> **Task brief**: Give again, word for word, each line from the top of the listing through the line that holds "X125905953Y-71975359D02*".

******

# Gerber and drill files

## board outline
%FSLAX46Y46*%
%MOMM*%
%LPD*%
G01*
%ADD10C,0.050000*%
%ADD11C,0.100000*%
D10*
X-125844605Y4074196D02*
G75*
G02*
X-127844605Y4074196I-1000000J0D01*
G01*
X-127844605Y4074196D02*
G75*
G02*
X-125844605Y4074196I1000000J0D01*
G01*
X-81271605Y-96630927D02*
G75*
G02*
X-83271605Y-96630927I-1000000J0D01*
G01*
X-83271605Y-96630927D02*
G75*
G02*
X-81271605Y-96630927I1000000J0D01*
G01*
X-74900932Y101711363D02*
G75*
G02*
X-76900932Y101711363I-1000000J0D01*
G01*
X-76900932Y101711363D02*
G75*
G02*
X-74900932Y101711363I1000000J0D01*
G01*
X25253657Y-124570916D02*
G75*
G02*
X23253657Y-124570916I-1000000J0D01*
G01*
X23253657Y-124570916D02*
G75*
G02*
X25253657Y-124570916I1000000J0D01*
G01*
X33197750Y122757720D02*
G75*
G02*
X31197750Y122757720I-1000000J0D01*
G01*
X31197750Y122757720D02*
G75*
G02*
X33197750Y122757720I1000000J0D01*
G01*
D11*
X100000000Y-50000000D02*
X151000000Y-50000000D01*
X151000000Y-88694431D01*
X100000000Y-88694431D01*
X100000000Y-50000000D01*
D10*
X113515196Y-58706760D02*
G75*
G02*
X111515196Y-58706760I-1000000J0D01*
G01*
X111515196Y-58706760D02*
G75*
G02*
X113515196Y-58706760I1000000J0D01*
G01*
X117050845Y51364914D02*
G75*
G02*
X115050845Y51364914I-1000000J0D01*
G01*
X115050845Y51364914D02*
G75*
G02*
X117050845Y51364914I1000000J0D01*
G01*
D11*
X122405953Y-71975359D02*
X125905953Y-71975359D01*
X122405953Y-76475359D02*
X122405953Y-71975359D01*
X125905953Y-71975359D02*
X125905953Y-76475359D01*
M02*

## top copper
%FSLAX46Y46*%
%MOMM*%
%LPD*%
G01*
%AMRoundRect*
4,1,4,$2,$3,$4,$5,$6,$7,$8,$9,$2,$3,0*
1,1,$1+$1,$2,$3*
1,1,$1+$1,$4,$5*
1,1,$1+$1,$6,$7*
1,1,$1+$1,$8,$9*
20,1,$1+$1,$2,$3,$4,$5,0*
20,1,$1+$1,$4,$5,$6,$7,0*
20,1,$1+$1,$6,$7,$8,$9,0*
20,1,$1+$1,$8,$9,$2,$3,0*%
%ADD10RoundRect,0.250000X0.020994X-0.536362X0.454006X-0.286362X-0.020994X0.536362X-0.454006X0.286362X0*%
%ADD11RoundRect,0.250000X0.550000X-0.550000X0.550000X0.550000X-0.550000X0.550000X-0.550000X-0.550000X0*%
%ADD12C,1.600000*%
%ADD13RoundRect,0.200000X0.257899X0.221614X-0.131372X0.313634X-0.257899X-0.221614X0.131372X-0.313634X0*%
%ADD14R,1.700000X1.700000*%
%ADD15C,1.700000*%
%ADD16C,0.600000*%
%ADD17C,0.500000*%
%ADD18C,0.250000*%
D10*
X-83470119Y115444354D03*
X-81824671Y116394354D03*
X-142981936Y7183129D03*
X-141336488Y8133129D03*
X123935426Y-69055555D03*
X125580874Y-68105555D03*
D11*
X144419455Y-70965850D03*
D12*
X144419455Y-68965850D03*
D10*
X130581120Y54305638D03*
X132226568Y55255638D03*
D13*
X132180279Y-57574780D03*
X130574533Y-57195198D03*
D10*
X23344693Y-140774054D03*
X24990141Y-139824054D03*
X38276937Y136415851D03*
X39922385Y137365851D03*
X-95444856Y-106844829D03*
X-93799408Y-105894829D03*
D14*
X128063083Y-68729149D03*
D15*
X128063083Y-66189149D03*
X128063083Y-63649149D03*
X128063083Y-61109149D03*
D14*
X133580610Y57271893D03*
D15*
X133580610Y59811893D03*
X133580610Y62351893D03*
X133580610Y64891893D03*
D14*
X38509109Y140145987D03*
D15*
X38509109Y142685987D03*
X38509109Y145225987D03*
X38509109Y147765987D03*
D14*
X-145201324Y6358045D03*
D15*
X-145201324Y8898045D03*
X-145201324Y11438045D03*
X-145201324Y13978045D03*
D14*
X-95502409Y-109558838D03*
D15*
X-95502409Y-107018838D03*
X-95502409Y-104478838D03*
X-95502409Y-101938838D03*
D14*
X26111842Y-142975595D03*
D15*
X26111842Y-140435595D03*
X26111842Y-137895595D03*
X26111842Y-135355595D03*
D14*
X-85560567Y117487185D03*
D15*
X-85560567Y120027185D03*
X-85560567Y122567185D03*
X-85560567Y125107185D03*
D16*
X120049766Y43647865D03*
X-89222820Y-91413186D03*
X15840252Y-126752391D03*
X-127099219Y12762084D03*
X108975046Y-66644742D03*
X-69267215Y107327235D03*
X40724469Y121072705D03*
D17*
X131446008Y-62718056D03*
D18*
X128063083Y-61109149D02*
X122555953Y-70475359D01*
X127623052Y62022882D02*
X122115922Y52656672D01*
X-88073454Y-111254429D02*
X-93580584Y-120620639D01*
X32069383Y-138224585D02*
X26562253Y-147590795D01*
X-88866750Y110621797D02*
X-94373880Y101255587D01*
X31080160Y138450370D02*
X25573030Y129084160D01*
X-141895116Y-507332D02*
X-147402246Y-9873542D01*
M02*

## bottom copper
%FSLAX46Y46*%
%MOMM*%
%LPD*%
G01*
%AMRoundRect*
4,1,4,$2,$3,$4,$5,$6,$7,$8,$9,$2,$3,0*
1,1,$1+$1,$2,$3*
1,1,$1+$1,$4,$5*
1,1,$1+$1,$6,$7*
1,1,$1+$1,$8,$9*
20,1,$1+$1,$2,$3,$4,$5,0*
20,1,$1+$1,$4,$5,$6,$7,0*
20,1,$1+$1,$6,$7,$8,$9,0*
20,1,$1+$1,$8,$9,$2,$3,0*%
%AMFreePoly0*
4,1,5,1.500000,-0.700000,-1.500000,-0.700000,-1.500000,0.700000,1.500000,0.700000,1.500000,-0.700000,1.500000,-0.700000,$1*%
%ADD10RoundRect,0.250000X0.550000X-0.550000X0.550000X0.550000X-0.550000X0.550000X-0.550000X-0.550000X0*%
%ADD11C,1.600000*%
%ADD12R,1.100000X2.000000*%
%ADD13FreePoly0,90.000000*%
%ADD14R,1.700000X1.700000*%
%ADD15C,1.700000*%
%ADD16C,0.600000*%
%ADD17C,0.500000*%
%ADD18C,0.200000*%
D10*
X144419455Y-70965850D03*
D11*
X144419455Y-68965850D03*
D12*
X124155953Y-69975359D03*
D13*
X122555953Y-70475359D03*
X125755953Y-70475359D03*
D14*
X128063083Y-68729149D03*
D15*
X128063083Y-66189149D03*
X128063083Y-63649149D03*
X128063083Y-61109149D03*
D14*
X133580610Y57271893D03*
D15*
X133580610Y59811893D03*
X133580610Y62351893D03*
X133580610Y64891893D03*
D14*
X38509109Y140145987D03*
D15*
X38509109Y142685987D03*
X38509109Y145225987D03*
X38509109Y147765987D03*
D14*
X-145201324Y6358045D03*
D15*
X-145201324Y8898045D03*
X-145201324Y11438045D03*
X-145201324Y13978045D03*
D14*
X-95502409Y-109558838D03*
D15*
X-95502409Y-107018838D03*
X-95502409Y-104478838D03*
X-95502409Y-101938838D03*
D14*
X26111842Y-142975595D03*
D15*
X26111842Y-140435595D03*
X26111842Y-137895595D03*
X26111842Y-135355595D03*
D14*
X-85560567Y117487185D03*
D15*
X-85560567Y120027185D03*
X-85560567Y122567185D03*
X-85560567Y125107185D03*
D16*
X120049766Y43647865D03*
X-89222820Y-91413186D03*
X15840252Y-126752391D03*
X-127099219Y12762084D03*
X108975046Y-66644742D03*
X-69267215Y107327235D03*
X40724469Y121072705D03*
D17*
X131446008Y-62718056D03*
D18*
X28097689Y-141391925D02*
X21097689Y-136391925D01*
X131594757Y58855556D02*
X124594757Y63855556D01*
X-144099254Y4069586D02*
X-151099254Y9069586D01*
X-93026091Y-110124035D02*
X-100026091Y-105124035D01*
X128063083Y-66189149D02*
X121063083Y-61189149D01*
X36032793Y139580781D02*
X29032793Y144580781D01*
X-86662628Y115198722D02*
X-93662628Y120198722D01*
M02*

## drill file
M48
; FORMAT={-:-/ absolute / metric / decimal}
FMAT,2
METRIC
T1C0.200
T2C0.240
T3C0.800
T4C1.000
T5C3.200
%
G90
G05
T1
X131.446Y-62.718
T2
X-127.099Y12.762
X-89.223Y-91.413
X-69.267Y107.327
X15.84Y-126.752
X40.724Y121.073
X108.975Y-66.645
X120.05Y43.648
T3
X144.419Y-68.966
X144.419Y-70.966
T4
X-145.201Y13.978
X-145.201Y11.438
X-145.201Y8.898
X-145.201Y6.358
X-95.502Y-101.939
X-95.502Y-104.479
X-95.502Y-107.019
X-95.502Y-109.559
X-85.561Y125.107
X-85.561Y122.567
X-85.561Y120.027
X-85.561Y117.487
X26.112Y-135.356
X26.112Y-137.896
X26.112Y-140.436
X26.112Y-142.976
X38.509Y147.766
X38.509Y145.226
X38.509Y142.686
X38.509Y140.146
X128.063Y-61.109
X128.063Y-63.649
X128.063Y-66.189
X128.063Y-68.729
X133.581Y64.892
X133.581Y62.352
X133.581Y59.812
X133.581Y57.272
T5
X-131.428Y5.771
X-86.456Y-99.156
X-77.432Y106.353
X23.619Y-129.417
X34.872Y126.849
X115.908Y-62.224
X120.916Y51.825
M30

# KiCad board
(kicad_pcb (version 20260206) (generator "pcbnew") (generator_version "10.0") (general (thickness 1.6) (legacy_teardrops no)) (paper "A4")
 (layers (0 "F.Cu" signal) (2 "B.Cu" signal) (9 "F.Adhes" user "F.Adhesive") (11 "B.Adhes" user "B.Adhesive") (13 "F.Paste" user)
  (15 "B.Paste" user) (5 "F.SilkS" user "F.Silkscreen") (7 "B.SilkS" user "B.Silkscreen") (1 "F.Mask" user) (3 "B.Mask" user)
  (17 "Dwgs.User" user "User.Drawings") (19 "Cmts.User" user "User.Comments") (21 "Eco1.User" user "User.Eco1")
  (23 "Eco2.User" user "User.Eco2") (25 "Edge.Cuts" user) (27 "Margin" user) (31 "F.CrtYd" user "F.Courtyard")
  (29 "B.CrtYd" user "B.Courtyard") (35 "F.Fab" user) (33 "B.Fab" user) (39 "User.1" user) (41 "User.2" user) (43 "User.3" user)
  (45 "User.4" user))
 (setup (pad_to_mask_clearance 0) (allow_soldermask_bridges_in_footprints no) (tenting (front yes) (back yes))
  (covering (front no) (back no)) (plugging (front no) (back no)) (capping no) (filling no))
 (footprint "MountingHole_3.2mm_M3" (layer "F.Cu") (at -77.432084 -106.352638 45)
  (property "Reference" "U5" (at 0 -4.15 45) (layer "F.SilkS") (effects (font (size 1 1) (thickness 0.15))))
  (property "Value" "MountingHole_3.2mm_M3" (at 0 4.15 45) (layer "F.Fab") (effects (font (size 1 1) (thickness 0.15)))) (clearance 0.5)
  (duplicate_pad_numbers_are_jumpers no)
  (pad "" np_thru_hole circle (at 0 0 45) (size 3.2 3.2) (drill 3.2) (layers "*.Cu" "*.Mask")))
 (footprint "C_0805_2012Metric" (layer "F.Cu") (at -82.647395 -115.919354 30)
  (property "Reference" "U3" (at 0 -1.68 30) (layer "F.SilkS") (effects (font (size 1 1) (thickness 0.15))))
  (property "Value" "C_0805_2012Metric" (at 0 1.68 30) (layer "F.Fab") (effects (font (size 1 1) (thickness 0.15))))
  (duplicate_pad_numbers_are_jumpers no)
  (pad "1" smd roundrect (at -0.95 0 30) (size 1 1.45) (layers "F.Cu" "F.Mask" "F.Paste") (roundrect_rratio 0.25) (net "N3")
   (clearance 0.35))
  (pad "2" smd roundrect (at 0.95 0 30) (size 1 1.45) (layers "F.Cu" "F.Mask" "F.Paste") (roundrect_rratio 0.25)))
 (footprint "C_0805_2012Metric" (layer "F.Cu") (at -142.159212 -7.658129 30)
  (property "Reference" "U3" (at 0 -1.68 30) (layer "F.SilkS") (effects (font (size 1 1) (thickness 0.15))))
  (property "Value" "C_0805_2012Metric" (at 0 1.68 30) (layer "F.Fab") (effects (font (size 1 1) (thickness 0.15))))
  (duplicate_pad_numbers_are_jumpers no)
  (pad "1" smd roundrect (at -0.95 0 30) (size 1 1.45) (layers "F.Cu" "F.Mask" "F.Paste") (roundrect_rratio 0.25) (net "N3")
   (clearance 0.35))
  (pad "2" smd roundrect (at 0.95 0 30) (size 1 1.45) (layers "F.Cu" "F.Mask" "F.Paste") (roundrect_rratio 0.25)))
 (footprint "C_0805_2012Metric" (layer "F.Cu") (at 124.75815 68.580555 30)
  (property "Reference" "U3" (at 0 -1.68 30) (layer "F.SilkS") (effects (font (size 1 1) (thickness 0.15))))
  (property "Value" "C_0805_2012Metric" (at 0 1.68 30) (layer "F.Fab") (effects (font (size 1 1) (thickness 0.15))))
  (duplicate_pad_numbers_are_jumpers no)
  (pad "1" smd roundrect (at -0.95 0 30) (size 1 1.45) (layers "F.Cu" "F.Mask" "F.Paste") (roundrect_rratio 0.25) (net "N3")
   (clearance 0.35))
  (pad "2" smd roundrect (at 0.95 0 30) (size 1 1.45) (layers "F.Cu" "F.Mask" "F.Paste") (roundrect_rratio 0.25)))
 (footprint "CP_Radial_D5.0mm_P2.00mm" (layer "F.Cu") (at 144.419455 70.96585 90)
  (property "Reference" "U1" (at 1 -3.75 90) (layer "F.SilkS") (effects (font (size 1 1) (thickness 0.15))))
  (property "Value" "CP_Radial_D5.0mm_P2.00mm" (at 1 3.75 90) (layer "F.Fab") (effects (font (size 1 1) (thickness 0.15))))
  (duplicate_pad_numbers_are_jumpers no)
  (pad "1" thru_hole roundrect (at 0 0 90) (size 1.6 1.6) (drill 0.8) (layers "*.Cu" "*.Mask") (remove_unused_layers no)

******

> **Answer to this task**:
# Gerber and drill files

## board outline
%FSLAX46Y46*%
%MOMM*%
%LPD*%
G01*
%ADD10C,0.050000*%
%ADD11C,0.100000*%
D10*
X-125844605Y4074196D02*
G75*
G02*
X-127844605Y4074196I-1000000J0D01*
G01*
X-127844605Y4074196D02*
G75*
G02*
X-125844605Y4074196I1000000J0D01*
G01*
X-81271605Y-96630927D02*
G75*
G02*
X-83271605Y-96630927I-1000000J0D01*
G01*
X-83271605Y-96630927D02*
G75*
G02*
X-81271605Y-96630927I1000000J0D01*
G01*
X-74900932Y101711363D02*
G75*
G02*
X-76900932Y101711363I-1000000J0D01*
G01*
X-76900932Y101711363D02*
G75*
G02*
X-74900932Y101711363I1000000J0D01*
G01*
X25253657Y-124570916D02*
G75*
G02*
X23253657Y-124570916I-1000000J0D01*
G01*
X23253657Y-124570916D02*
G75*
G02*
X25253657Y-124570916I1000000J0D01*
G01*
X33197750Y122757720D02*
G75*
G02*
X31197750Y122757720I-1000000J0D01*
G01*
X31197750Y122757720D02*
G75*
G02*
X33197750Y122757720I1000000J0D01*
G01*
D11*
X100000000Y-50000000D02*
X151000000Y-50000000D01*
X151000000Y-88694431D01*
X100000000Y-88694431D01*
X100000000Y-50000000D01*
D10*
X113515196Y-58706760D02*
G75*
G02*
X111515196Y-58706760I-1000000J0D01*
G01*
X111515196Y-58706760D02*
G75*
G02*
X113515196Y-58706760I1000000J0D01*
G01*
X117050845Y51364914D02*
G75*
G02*
X115050845Y51364914I-1000000J0D01*
G01*
X115050845Y51364914D02*
G75*
G02*
X117050845Y51364914I1000000J0D01*
G01*
D11*
X122405953Y-71975359D02*
X125905953Y-71975359D01*
X122405953Y-76475359D02*
X122405953Y-71975359D01*
X125905953Y-71975359D02*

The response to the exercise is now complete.